The CMPP approach successfully identified hundreds of putative G4-interacting proteins in human cells. *In vitro* assays confirmed high G4-binding affinity and selectivity for several of these novel candidates. The two probes used, photoPDS-1 and photoPDS-2, showed largely overlapping results, indicating that the linker length did not drastically affect the results. The identified proteins belonged to diverse functional classes, with a significant number involved in transcription, consistent with the established role of G4s in transcriptional regulation. A representative set of novel candidates—SMARCA4, UHRF1, RBM22, TTF2, DDX24, DDX1, and HMGB2—were selected for further validation. Six out of seven displayed G4-specific binding in affinity-enrichment experiments, with striking selectivity for different G4 topologies. ELISA further confirmed the high-affinity and selective G4 binding of SMARCA4, UHRF1, DDX1, DDX24, and RBM22. ChIP-seq analysis in K562 cells demonstrated that SMARCA4 binds to endogenous G4s in chromatin, particularly at gene promoters (42% of peaks), suggesting a role in promoter activity. This co-localization of SMARCA4 with endogenous G4s supports direct binding, and is not observed with sites that only have the potential to form G4s. The enrichment of the SMARCA4 signal is centered on the endogenous G4 sites. This supports the direct binding of SMARCA4 to the folded G4 secondary structure, and not to the underlying G-rich DNA primary sequence.

The findings demonstrate that the CMPP method successfully identifies genuine G4-interacting proteins in their native chromatin environment. The identification of hundreds of proteins, including known and novel G4-interactors, highlights the complexity of the G4 interactome and its involvement in various cellular processes. The validation of novel G4 interactors using orthogonal methods strengthens the reliability of the CMPP approach. The ChIP-seq data provide strong evidence of direct interaction between SMARCA4 and endogenous G4s in chromatin. The method’s ability to capture transient interactions, its broad applicability to various cell types, and its potential for mapping other nucleic acid structural features make it a valuable tool for future studies.

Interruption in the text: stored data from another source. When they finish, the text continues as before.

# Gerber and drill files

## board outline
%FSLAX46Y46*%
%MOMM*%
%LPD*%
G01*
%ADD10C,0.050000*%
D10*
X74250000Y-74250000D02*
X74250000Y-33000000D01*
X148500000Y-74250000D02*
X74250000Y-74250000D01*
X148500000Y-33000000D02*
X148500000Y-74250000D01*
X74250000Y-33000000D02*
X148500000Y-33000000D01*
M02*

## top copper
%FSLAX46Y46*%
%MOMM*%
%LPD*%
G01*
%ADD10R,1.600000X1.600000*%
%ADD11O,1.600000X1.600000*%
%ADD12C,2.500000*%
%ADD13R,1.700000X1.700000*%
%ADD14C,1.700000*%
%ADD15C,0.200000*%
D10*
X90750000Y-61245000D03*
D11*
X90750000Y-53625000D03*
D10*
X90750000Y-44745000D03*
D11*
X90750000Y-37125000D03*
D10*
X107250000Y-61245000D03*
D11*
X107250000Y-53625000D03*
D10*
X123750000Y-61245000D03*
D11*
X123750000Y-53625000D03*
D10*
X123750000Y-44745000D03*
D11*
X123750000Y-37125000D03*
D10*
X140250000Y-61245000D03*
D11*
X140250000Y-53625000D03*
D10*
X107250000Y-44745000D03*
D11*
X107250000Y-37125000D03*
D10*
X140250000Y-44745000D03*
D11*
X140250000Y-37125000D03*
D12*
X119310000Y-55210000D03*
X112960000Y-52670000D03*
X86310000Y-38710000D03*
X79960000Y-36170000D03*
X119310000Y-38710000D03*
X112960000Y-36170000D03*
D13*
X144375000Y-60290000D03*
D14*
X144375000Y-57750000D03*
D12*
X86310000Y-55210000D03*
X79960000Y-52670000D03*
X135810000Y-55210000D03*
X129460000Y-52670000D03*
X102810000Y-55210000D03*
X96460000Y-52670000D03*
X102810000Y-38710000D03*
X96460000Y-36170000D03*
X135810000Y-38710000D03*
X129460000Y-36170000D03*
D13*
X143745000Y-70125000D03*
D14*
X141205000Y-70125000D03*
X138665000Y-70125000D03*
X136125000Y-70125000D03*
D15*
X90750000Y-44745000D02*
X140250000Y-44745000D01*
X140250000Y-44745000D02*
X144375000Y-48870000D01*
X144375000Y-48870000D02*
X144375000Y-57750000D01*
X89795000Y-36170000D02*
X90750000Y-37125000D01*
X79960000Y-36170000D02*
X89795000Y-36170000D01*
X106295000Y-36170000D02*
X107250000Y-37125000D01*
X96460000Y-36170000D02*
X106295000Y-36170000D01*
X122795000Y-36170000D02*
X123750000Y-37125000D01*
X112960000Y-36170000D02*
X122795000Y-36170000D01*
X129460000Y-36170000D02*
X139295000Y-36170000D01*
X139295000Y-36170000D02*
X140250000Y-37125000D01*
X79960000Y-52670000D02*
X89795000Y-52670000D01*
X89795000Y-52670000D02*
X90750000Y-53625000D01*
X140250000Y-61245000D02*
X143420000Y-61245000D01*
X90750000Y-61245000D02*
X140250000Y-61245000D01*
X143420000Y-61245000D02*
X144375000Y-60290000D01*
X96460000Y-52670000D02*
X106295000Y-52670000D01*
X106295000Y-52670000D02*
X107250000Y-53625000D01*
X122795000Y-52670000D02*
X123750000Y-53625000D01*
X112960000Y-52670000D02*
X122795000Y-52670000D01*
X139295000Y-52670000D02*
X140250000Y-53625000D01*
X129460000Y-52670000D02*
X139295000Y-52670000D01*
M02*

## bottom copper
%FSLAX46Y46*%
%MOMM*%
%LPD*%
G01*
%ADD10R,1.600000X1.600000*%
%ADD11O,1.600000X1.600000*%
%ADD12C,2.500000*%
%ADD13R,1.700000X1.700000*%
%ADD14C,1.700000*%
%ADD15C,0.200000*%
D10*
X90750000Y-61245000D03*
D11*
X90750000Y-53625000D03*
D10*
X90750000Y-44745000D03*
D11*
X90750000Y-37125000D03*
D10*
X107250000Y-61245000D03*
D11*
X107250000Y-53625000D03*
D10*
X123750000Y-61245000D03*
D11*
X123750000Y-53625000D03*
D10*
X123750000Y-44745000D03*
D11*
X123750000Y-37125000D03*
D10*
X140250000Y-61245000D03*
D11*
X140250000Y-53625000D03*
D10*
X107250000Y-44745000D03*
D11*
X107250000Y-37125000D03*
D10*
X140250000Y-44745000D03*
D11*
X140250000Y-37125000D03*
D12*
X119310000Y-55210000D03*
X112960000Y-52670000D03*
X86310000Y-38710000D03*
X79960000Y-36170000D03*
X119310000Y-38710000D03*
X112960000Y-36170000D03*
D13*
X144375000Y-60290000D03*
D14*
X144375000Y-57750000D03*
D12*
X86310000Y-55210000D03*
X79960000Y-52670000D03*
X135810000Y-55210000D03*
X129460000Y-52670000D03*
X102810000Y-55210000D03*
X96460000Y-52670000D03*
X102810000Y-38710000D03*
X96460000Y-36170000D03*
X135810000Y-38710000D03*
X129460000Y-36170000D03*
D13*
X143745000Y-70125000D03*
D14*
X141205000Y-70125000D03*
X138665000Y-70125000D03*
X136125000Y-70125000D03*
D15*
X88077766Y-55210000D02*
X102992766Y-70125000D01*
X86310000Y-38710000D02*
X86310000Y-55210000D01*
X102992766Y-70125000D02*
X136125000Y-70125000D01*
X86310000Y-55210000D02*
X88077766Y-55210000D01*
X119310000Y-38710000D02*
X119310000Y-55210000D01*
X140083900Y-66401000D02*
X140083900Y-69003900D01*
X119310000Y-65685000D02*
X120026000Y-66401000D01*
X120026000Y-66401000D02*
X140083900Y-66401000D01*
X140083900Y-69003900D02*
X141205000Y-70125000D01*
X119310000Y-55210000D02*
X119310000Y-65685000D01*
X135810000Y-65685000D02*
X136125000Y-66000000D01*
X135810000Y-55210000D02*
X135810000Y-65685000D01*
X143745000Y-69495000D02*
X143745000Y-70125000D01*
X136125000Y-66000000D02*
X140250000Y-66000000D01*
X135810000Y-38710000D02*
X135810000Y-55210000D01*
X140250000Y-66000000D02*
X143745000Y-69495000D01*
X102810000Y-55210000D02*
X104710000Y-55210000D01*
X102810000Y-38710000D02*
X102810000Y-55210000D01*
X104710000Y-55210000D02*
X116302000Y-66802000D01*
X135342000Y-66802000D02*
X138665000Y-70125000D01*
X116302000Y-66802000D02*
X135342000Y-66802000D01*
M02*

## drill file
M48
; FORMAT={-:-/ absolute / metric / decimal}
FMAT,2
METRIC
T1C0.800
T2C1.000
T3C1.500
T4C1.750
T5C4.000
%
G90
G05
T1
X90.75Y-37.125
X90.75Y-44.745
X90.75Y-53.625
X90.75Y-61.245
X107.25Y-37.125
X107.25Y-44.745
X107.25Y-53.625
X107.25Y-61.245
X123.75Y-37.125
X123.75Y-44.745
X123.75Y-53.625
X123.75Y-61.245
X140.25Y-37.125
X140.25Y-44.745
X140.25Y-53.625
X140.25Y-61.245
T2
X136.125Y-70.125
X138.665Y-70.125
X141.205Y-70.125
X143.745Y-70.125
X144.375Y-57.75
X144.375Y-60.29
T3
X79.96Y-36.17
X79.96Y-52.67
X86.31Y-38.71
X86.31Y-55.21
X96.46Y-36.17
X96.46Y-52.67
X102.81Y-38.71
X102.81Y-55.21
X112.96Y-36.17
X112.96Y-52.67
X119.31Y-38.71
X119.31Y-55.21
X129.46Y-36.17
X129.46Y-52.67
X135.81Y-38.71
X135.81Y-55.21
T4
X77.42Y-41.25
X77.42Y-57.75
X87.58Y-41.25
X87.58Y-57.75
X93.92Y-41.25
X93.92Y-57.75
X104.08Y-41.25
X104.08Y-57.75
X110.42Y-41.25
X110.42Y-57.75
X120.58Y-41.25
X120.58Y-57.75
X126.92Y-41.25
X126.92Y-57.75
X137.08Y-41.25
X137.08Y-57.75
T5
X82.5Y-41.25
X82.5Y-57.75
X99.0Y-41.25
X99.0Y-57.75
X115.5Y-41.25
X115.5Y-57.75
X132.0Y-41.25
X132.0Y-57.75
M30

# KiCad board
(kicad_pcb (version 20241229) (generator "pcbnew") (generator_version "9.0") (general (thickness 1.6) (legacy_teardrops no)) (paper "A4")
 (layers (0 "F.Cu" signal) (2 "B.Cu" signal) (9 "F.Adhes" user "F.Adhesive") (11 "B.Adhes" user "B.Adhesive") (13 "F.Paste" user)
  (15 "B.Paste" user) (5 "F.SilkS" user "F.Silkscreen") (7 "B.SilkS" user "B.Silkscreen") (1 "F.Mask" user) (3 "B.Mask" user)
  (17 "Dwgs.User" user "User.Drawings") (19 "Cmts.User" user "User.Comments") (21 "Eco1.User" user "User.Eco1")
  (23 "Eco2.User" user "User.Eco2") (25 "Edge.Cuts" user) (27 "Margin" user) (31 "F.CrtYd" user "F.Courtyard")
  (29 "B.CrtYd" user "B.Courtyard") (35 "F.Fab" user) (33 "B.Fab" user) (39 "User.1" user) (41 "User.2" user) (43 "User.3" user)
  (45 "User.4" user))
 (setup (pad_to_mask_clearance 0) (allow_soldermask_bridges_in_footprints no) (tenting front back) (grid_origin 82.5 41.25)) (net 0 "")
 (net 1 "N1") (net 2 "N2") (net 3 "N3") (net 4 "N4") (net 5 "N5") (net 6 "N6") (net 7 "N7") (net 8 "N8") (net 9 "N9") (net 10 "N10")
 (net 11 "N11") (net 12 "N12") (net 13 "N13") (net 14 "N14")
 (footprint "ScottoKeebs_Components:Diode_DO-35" (layer "F.Cu") (at 90.75 61.245 90)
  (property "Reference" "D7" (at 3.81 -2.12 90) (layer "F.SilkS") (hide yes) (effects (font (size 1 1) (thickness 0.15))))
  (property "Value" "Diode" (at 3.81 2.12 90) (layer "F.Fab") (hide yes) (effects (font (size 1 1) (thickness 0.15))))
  (pad "1" thru_hole rect (at 0 0 90) (size 1.6 1.6) (drill 0.8) (layers "*.Cu" "*.Mask") (remove_unused_layers no) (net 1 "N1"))
  (pad "2" thru_hole oval (at 7.62 0 90) (size 1.6 1.6) (drill 0.8) (layers "*.Cu" "*.Mask") (remove_unused_layers no) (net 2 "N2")))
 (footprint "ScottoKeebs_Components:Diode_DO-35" (layer "F.Cu") (at 90.75 44.745 90)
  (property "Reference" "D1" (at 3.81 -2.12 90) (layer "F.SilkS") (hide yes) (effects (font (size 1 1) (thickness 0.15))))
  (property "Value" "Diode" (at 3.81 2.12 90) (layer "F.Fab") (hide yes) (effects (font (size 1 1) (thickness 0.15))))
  (pad "1" thru_hole rect (at 0 0 90) (size 1.6 1.6) (drill 0.8) (layers "*.Cu" "*.Mask") (remove_unused_layers no) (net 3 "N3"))
  (pad "2" thru_hole oval (at 7.62 0 90) (size 1.6 1.6) (drill 0.8) (layers "*.Cu" "*.Mask") (remove_unused_layers no) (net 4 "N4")))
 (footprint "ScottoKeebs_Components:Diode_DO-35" (layer "F.Cu") (at 107.25 61.245 90)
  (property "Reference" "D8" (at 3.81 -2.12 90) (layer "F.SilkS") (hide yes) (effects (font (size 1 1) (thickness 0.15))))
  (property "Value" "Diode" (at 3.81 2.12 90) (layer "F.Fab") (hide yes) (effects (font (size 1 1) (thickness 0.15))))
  (pad "1" thru_hole rect (at 0 0 90) (size 1.6 1.6) (drill 0.8) (layers "*.Cu" "*.Mask") (remove_unused_layers no) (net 1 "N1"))
  (pad "2" thru_hole oval (at 7.62 0 90) (size 1.6 1.6) (drill 0.8) (layers "*.Cu" "*.Mask") (remove_unused_layers no) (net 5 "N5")))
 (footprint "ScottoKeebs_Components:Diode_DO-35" (layer "F.Cu") (at 123.75 61.245 90)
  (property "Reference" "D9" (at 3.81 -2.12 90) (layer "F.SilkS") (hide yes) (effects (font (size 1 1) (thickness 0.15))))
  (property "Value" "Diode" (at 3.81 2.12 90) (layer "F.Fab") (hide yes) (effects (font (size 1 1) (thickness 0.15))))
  (pad "1" thru_hole rect (at 0 0 90) (size 1.6 1.6) (drill 0.8) (layers "*.Cu" "*.Mask") (remove_unused_layers no) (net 1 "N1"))
  (pad "2" thru_hole oval (at 7.62 0 90) (size 1.6 1.6) (drill 0.8) (layers "*.Cu" "*.Mask") (remove_unused_layers no) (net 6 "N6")))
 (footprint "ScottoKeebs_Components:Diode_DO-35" (layer "F.Cu") (at 123.75 44.745 90)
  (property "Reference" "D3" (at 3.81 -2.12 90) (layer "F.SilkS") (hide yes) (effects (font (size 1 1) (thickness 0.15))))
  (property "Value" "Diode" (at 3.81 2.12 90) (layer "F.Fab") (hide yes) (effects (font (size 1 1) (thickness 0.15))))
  (pad "1" thru_hole rect (at 0 0 90) (size 1.6 1.6) (drill 0.8) (layers "*.Cu" "*.Mask") (remove_unused_layers no) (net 3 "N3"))
  (pad "2" thru_hole oval (at 7.62 0 90) (size 1.6 1.6) (drill 0.8) (layers "*.Cu" "*.Mask") (remove_unused_layers no) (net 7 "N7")))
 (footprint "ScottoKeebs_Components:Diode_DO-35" (layer "F.Cu") (at 140.25 61.245 90)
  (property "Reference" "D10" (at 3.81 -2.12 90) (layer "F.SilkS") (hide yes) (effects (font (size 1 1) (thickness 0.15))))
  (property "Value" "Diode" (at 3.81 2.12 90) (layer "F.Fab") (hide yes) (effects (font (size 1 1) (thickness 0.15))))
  (pad "1" thru_hole rect (at 0 0 90) (size 1.6 1.6) (drill 0.8) (layers "*.Cu" "*.Mask") (remove_unused_layers no) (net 1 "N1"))
  (pad "2" thru_hole oval (at 7.62 0 90) (size 1.6 1.6) (drill 0.8) (layers "*.Cu" "*.Mask") (remove_unused_layers no) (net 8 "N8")))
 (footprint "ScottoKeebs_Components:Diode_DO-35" (layer "F.Cu") (at 107.25 44.745 90)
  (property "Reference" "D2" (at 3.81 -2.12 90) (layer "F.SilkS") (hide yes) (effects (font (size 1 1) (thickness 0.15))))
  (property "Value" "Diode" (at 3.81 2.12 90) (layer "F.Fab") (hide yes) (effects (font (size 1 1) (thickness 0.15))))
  (pad "1" thru_hole rect (at 0 0 90) (size 1.6 1.6) (drill 0.8) (layers "*.Cu" "*.Mask") (remove_unused_layers no) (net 3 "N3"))
  (pad "2" thru_hole oval (at 7.62 0 90) (size 1.6 1.6) (drill 0.8) (layers "*.Cu" "*.Mask") (remove_unused_layers no) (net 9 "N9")))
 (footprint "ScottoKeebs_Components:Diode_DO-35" (layer "F.Cu") (at 140.25 44.745 90)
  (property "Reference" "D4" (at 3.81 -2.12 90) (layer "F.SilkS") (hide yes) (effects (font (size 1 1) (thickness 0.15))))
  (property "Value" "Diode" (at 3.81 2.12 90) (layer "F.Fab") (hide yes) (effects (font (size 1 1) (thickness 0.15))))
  (pad "1" thru_hole rect (at 0 0 90) (size 1.6 1.6) (drill 0.8) (layers "*.Cu" "*.Mask") (remove_unused_layers no) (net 3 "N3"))
  (pad "2" thru_hole oval (at 7.62 0 90) (size 1.6 1.6) (drill 0.8) (layers "*.Cu" "*.Mask") (remove_unused_layers no) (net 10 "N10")))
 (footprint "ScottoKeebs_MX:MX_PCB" (layer "B.Cu") (at 115.5 57.75 180)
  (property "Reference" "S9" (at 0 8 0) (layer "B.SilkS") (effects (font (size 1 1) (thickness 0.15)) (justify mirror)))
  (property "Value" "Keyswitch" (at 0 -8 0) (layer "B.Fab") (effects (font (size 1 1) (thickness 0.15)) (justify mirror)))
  (pad "" np_thru_hole circle (at -5.08 0 180) (size 1.75 1.75) (drill 1.75) (layers "*.Cu" "*.Mask"))
  (pad "" np_thru_hole circle (at 0 0 180) (size 4 4) (drill 4) (layers "*.Cu" "*.Mask"))
  (pad "" np_thru_hole circle (at 5.08 0 180) (size 1.75 1.75) (drill 1.75) (layers "*.Cu" "*.Mask"))
  (pad "1" thru_hole circle (at -3.81 2.54 180) (size 2.5 2.5) (drill 1.5) (layers "*.Cu" "*.Mask") (remove_unused_layers no) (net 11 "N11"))
  (pad "2" thru_hole circle (at 2.54 5.08 180) (size 2.5 2.5) (drill 1.5) (layers "*.Cu" "*.Mask") (remove_unused_layers no) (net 6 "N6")))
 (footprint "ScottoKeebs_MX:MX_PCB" (layer "B.Cu") (at 82.5 41.25 180)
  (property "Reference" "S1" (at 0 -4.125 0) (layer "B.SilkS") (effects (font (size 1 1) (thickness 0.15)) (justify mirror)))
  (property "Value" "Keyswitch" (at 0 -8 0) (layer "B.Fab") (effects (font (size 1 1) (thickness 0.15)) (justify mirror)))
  (pad "" np_thru_hole circle (at -5.08 0 180) (size 1.75 1.75) (drill 1.75) (layers "*.Cu" "*.Mask"))
  (pad "" np_thru_hole circle (at 0 0 180) (size 4 4) (drill 4) (layers "*.Cu" "*.Mask"))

This study presents a novel chemical strategy, CMPP, for identifying cellular proteins that interact with G4 DNA structures in live cells. The method successfully identified hundreds of G4-interacting proteins, validated several novel candidates, and provided evidence for the direct interaction of SMARCA4 with genomic G4s in chromatin. The approach holds significant potential for future investigations into the roles of G4s in gene regulation and other cellular processes.

The study acknowledges that the G4 ligands used could potentially influence the endogenous G4 landscape and interactome. While short treatment times were employed to minimize this effect, the possibility of some perturbation cannot be entirely excluded. The study also notes potential differences in G4 interactomes between different cell lines, and the use of a different approach might lead to different results.